Some investors buy properties and rent them out to receive rental income. Those properties require a huge amount of capital up front.
By investing in real estate investment trusts (REITs) instead, investors can invest a small amount and still receive a juicy monthly income. Additionally, a professional management team takes care of the properties and the tenants, so you don’t have to.
Furthermore, by buying REITs you diversify your portfolio immediately because they typically own and operate hundreds of properties.

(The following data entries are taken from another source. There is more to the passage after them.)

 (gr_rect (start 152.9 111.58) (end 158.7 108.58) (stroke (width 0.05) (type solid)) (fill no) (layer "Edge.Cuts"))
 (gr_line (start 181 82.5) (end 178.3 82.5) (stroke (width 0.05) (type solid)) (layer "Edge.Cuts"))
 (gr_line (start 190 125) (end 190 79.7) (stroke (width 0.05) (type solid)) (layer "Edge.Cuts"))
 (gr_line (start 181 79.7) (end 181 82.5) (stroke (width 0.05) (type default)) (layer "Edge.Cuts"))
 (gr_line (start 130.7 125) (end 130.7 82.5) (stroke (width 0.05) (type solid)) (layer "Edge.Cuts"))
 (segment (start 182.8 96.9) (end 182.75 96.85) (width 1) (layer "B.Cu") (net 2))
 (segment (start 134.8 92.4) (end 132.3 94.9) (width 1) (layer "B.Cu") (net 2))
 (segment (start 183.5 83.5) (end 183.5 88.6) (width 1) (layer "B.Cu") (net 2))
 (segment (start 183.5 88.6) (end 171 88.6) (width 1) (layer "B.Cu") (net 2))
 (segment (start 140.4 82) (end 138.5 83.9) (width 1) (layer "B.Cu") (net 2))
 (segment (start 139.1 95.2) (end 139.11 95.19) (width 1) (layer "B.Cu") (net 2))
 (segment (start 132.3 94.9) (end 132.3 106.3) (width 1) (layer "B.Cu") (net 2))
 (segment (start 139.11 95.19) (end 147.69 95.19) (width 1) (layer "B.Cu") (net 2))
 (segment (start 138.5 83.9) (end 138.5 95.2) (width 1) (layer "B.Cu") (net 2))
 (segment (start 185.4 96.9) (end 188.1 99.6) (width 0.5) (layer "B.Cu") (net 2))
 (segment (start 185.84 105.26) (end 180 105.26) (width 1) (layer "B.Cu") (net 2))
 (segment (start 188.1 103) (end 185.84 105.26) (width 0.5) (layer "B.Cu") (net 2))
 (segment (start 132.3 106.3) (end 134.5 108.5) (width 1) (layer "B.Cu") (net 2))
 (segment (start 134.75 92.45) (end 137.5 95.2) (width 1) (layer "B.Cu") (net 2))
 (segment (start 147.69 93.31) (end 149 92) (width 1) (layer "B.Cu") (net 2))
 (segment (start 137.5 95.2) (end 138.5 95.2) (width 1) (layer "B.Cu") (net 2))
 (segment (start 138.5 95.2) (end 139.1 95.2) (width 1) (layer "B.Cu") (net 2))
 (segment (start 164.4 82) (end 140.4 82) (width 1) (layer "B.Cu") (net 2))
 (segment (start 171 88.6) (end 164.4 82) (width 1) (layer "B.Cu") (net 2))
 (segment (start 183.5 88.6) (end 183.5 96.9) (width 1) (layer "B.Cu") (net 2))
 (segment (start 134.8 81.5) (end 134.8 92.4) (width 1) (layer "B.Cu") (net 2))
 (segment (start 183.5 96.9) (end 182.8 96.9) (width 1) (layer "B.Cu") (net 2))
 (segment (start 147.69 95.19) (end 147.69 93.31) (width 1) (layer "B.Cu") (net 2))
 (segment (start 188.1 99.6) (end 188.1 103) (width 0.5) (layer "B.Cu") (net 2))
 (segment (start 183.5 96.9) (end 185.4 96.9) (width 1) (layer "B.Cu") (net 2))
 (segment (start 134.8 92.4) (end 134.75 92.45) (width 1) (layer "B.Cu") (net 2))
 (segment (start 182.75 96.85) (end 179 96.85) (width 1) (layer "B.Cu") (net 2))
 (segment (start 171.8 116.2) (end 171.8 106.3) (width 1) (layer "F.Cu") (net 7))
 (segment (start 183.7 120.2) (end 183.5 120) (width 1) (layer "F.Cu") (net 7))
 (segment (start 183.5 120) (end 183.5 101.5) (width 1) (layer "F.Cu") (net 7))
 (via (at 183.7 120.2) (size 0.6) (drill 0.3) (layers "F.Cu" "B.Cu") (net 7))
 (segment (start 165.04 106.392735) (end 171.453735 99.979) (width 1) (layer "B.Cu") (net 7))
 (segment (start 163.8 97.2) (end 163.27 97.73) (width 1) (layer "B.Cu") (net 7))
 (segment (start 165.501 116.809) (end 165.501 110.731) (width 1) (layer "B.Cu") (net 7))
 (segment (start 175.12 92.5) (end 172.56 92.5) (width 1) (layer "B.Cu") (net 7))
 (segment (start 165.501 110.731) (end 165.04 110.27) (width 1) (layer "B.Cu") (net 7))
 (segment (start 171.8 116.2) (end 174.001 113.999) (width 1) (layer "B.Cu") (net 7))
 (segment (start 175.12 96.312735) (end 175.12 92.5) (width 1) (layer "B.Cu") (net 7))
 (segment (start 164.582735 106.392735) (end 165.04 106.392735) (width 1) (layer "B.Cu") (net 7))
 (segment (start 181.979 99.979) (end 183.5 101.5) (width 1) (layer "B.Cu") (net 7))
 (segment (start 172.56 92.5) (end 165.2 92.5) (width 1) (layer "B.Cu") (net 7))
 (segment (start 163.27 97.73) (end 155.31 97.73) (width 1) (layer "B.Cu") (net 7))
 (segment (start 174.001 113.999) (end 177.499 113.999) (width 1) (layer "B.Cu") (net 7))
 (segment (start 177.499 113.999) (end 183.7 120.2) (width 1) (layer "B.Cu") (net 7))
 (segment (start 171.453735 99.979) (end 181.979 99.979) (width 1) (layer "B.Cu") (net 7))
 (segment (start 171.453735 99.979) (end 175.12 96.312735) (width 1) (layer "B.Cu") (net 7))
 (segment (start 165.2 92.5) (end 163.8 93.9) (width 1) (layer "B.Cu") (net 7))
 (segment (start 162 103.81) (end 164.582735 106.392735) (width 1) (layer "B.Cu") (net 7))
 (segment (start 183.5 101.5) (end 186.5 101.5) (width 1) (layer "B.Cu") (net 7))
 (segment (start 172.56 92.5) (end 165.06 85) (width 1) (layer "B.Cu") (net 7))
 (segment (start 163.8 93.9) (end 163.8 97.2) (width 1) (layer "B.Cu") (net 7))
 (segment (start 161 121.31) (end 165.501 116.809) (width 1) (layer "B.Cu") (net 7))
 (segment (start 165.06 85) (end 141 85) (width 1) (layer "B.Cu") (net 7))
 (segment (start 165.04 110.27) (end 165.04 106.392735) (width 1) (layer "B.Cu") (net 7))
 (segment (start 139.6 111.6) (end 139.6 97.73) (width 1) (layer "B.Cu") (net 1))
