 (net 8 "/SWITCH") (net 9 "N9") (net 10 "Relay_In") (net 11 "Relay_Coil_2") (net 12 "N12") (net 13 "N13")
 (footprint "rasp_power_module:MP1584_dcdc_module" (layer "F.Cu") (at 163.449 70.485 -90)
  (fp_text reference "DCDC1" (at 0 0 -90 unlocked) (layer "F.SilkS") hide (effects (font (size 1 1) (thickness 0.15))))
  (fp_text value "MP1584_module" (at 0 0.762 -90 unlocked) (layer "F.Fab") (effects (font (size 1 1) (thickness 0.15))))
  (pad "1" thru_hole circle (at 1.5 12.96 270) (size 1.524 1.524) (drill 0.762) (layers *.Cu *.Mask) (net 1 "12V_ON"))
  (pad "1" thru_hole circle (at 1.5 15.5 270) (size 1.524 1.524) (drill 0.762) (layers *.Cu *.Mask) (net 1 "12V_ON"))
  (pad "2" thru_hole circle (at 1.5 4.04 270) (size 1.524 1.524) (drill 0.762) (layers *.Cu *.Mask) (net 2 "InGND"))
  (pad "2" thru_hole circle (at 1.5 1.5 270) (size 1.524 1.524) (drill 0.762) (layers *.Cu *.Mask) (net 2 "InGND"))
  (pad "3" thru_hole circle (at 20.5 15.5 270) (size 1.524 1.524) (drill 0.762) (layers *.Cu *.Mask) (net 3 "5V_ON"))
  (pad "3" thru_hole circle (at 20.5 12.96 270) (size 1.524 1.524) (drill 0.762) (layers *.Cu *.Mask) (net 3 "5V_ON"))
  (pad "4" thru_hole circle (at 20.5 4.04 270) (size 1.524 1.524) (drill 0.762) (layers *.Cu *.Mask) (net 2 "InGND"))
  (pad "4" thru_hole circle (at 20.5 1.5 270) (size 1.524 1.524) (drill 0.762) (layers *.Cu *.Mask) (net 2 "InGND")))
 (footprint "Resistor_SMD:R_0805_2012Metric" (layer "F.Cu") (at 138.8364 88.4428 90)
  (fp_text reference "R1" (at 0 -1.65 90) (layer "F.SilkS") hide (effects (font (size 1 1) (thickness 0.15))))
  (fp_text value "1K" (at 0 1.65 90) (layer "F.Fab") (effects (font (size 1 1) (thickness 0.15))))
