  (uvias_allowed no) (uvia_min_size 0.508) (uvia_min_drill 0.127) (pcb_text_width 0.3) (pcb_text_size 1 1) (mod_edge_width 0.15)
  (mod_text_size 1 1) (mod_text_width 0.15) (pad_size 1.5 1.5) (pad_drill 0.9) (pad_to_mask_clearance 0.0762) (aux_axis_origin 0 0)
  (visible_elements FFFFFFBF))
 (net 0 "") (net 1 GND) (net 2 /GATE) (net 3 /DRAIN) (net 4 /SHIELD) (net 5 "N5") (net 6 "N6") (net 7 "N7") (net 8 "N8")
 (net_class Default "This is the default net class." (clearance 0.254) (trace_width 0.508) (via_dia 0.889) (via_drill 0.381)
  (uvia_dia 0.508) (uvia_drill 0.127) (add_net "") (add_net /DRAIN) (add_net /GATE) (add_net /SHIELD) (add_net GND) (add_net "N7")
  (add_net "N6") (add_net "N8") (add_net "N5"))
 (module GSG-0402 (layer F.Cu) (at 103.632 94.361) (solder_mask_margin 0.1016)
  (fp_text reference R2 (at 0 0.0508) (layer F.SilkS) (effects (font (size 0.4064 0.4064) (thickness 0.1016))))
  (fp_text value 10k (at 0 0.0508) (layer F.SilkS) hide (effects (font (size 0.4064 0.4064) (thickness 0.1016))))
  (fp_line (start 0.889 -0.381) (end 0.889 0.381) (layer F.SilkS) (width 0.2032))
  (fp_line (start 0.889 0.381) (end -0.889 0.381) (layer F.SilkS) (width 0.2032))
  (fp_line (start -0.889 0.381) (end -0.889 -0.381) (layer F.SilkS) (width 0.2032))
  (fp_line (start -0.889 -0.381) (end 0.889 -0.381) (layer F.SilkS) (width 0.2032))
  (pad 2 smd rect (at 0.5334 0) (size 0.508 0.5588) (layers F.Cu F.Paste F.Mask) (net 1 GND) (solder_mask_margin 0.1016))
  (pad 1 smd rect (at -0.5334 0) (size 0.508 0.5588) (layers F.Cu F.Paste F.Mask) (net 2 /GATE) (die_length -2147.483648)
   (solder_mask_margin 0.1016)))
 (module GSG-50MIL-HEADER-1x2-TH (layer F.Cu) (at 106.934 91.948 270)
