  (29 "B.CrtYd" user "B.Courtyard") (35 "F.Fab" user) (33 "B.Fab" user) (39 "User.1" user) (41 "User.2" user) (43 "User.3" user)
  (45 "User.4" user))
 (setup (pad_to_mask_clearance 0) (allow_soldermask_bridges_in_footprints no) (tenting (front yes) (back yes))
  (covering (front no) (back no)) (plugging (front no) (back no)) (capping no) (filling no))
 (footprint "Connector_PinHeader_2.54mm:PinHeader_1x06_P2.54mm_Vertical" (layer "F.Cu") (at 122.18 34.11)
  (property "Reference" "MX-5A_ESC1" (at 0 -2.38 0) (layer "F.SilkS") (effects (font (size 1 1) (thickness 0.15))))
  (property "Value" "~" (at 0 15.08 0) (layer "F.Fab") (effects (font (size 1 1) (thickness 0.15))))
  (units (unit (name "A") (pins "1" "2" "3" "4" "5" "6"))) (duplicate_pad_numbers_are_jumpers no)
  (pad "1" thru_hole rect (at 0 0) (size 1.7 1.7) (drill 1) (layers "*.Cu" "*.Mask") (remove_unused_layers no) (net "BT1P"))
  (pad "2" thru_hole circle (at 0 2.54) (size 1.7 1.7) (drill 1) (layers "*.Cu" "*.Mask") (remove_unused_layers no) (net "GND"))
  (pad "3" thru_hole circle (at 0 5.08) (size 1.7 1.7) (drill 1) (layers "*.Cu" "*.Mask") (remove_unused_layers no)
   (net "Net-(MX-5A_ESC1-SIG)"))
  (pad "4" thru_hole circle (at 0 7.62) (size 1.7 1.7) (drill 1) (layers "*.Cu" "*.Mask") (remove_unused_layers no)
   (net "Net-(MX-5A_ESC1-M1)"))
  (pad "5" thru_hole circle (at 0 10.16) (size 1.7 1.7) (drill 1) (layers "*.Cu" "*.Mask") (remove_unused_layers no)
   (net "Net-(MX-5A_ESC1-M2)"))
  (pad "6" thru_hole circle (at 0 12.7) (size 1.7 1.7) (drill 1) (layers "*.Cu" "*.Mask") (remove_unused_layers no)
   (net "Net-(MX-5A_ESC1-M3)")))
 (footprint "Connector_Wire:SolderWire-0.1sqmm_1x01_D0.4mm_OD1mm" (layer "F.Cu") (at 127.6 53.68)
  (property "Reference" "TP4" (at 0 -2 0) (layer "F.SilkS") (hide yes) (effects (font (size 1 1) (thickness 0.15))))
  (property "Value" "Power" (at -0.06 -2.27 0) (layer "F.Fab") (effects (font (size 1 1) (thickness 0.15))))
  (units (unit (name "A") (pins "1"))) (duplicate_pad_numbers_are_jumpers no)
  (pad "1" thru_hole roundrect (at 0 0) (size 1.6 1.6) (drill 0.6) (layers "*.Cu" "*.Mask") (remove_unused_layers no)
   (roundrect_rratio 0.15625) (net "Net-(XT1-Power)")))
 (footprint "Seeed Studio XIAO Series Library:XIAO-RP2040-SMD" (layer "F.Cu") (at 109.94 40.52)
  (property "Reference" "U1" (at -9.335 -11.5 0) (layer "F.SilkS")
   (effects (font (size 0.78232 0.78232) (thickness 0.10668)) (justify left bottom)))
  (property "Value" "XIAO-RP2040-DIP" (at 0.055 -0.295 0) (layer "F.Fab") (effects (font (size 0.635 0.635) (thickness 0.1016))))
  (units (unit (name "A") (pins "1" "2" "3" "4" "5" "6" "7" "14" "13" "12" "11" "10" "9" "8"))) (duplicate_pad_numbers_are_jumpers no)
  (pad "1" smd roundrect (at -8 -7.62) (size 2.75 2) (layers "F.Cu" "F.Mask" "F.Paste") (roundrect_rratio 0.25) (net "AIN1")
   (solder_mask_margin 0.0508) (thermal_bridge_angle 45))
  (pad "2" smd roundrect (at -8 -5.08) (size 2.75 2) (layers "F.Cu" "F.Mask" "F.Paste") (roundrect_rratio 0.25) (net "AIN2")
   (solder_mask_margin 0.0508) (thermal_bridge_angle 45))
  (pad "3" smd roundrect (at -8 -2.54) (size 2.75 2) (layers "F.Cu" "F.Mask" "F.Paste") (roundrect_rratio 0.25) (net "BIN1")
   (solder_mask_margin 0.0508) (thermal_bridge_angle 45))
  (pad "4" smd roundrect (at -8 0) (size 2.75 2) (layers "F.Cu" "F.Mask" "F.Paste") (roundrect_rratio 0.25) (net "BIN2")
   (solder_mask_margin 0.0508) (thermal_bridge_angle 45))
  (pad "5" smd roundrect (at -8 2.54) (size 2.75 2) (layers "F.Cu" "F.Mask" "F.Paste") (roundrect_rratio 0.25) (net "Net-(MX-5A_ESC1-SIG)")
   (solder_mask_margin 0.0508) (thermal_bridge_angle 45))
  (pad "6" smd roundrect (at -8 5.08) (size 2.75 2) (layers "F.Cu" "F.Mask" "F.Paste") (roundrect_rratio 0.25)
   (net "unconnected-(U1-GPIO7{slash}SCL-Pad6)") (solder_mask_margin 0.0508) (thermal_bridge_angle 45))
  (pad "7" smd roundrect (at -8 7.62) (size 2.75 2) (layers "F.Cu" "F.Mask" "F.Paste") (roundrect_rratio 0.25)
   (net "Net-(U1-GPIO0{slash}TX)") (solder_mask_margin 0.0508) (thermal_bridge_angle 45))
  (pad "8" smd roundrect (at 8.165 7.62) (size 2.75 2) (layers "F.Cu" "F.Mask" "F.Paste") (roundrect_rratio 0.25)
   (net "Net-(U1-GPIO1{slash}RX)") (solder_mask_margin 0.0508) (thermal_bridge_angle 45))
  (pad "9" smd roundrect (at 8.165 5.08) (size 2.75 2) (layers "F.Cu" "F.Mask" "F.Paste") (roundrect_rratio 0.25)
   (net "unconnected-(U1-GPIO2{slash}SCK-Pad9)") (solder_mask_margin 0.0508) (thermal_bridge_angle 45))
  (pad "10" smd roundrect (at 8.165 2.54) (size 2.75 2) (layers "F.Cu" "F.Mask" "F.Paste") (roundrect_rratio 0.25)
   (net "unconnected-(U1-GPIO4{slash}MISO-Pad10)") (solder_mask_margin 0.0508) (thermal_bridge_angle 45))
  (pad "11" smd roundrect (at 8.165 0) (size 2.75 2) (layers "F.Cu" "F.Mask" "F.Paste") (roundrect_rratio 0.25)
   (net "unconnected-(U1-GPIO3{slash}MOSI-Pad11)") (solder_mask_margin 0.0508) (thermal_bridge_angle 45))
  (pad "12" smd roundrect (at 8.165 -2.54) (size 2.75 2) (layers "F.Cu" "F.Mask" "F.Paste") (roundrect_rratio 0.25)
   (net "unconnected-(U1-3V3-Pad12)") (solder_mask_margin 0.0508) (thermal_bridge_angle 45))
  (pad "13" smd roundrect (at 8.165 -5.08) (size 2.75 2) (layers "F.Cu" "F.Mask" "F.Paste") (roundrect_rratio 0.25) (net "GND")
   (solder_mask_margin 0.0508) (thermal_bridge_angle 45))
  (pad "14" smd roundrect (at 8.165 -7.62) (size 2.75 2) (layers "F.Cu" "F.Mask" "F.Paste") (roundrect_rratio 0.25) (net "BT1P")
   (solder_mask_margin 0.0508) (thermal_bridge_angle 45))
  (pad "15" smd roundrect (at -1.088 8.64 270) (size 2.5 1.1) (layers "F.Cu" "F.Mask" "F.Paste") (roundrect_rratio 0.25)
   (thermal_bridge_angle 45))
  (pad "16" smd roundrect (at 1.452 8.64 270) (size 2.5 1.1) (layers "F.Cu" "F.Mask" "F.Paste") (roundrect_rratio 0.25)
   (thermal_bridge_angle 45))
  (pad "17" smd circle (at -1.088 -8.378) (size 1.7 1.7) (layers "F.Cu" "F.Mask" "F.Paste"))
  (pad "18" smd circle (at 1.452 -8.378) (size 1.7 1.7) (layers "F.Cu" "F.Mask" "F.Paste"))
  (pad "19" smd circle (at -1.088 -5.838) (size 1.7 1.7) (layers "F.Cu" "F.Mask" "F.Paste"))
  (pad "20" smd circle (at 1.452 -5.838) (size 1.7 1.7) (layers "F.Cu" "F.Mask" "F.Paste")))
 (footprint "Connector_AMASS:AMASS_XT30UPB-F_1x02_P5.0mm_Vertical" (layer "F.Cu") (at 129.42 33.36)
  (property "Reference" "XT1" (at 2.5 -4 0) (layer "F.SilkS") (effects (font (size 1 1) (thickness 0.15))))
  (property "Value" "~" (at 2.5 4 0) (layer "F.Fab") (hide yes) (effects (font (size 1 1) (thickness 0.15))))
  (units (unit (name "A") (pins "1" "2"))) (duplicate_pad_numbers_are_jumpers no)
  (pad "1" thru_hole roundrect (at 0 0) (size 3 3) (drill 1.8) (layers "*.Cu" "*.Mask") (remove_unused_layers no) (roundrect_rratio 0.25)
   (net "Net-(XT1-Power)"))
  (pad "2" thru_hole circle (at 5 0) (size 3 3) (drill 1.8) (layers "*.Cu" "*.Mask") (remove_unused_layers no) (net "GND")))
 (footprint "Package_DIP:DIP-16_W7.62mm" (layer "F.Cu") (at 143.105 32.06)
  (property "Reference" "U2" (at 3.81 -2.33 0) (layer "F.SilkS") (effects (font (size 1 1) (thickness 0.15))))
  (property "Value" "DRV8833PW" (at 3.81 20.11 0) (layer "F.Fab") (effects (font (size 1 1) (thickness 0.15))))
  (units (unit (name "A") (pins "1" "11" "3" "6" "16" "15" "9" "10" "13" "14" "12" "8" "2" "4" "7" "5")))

About Allied Properties REIT
Allied Properties Real Estate Investment (TSX:AP.UN) owns and manages principally Class I properties in urban locations such as Quebec, Montreal, Ottawa, Toronto, Winnipeg, Calgary, Edmonton, Vancouver, and Victoria. Since its initial public offering in 2003, Allied Properties has amassed about 146 office properties spanning 10.5 million square feet.
It has 60% of its net operating income coming from central Canada, 22% is from eastern Canada, and 18% is from western Canada. Its biggest tenant only contributes 3.2% of its rental revenue, so Allied Properties has little tenant concentration risk.
Allied Properties has declined a long way from its 52-week high of $41 and now trades only 2.3% above its 52-week low. The REIT just increased its distribution by 2.8% last month. At $30.50 per unit, the shares yield 4.9%.
How to receive $1,000 in monthly income
Buying 8,000 units of Allied Properties at $30.50 per unit would cost a total of $244,000. You’d receive $1,000 per month, a yield of 4.9%.
Most of us probably don’t have that kind of cash lying around. No problem. You could buy 4,000 units at $30.50, costing a total of $122,000, and you’d receive $500 per month and still get a 4.9% yield from your investment.
Okay, $122,000 is still too much. Instead, you could buy 800 units at $30.50 per unit, costing $24,400, and you’d receive $100 per month.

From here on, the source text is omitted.